Member of Parliament for Lambton—Kent—Middlesex Lambton—Middlesex (1993-1997)
- In office October 25, 1993 – January 23, 2006
- Preceded by: Ralph Ferguson
- Succeeded by: Bev Shipley

Personal details
- Born: Rosie-Marie Margaret Ur July 28, 1946 (age 78) Glencoe, Ontario
- Political party: Liberal
- Occupation: Farmer, politician

= Rose-Marie Ur =

Canadian politician

Rose-Marie Margaret Ur (born July 28, 1946) is a Canadian politician. She was a member of the House of Commons of Canada from 1993 until 2005 and, in her final term in office, represented the riding of Middlesex—Kent—Lambton for the Liberal Party.

== Biography ==

Ur was educated at the Strathroy Middlesex General Hospital, receiving certification as a registered nurse assistant in 1964. She practised in this field from 1963 to 1966, then left to work as a farmer until 1990. She also worked as a constituency assistant to provincial Member of Provincial Parliament (MPP) Doug Reycraft from 1986 to 1988, and federal Member of Parliament (MP) Ralph Ferguson from 1988 to 1993. Ur is a member of the Ontario Federation of Agriculture.

She was first elected to parliament in the 1993 federal election, defeating her nearest opponent by almost 11,000 votes in the old riding of Lambton—Middlesex. She was re-elected by similarly large pluralities in Lambton—Kent—Middlesex in the elections of 1997 and 2000.

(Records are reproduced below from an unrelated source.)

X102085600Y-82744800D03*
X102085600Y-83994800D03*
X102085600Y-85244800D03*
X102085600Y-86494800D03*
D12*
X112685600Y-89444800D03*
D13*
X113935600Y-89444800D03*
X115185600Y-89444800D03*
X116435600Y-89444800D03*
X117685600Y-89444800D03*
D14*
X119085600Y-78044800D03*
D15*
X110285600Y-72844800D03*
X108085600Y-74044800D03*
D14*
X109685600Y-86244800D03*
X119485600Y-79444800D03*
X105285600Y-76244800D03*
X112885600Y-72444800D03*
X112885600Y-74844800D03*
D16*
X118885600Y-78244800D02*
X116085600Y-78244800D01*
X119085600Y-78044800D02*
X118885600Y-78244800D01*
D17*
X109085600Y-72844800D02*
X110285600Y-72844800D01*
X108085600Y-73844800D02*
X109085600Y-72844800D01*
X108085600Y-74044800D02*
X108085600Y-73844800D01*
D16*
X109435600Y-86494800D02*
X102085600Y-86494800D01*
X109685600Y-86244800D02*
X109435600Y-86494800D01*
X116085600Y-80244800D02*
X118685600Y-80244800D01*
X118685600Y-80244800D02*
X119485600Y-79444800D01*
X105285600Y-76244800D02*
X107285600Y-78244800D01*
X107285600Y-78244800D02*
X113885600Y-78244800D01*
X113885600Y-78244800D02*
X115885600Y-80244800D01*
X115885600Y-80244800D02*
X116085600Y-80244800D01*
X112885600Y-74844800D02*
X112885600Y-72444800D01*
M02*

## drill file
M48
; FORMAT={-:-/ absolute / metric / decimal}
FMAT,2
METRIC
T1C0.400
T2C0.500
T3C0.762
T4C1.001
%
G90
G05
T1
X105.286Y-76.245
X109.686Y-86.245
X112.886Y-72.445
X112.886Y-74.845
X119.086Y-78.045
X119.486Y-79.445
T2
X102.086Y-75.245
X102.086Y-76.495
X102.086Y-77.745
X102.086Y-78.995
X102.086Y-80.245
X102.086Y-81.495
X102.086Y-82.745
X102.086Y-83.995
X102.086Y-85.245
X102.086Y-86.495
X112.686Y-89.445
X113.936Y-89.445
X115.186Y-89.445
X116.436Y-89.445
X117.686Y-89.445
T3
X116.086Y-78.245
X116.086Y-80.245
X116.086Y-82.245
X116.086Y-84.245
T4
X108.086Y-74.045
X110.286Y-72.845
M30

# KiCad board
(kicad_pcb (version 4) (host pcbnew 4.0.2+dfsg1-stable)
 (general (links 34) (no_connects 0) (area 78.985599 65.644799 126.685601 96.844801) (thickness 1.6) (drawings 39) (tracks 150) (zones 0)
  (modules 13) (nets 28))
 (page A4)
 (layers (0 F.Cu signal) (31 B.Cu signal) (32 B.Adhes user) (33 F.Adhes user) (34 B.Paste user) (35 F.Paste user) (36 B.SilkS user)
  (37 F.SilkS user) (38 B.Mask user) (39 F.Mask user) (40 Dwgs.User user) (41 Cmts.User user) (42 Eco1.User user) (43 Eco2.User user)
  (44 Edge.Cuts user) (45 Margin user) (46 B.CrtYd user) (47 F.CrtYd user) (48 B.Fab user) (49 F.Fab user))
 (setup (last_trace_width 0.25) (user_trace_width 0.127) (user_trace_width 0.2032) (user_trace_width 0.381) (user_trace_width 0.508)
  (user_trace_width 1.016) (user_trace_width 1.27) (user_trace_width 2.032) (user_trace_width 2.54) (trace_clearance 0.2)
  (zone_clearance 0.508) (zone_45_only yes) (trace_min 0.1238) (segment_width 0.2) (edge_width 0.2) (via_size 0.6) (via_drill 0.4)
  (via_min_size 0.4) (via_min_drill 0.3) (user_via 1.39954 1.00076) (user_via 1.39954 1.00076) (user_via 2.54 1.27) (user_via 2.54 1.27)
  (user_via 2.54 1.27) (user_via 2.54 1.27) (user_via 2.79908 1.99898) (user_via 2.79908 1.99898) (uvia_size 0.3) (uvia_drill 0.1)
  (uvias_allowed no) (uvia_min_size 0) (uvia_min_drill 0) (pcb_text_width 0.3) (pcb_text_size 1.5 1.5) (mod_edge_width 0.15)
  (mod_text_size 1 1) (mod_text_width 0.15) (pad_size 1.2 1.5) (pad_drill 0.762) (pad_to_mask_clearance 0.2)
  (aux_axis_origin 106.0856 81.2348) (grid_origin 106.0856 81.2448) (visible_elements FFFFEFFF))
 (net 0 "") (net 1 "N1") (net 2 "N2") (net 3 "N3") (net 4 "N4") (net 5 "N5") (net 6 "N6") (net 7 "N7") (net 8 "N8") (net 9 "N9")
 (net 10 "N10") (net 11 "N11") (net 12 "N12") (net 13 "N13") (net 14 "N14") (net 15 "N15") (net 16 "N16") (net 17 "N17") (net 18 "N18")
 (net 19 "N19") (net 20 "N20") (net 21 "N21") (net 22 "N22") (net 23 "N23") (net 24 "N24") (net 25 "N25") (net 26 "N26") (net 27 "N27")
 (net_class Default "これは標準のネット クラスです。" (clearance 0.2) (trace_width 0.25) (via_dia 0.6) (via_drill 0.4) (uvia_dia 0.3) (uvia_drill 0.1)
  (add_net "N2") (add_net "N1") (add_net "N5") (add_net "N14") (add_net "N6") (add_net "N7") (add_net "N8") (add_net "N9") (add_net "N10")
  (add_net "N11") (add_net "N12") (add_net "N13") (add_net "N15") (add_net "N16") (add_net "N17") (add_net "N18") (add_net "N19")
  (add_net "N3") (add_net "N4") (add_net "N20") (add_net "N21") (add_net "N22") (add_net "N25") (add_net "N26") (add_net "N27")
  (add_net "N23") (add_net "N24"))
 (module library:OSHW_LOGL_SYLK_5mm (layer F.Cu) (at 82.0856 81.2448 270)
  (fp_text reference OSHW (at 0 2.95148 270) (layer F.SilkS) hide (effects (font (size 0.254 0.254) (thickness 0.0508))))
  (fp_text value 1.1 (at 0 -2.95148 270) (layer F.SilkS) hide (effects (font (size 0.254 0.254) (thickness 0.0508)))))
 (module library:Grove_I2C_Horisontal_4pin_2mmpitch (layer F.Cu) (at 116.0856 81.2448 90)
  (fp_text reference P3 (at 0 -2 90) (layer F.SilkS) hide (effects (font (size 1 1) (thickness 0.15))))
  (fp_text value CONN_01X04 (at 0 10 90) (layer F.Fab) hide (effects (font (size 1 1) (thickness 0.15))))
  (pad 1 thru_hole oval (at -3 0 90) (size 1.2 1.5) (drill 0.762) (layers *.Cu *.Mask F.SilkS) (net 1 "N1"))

Ur faced a difficult re-election in the federal election of 2004, defeating Bev Shipley of the newly formed Conservative Party of Canada by only 164 votes. Shipley could have requested a recount, but declined.

Ur was one of the most socially conservative members of the Liberal caucus, strongly opposed to abortion and same-sex marriage. She was also an opponent of the federal gun registry, and sought to eliminate the program in late 2004. Ur was never appointed as a parliamentary secretary.

In the spring of 2005, Ur announced that she would not seek re-election in the 2006 federal election.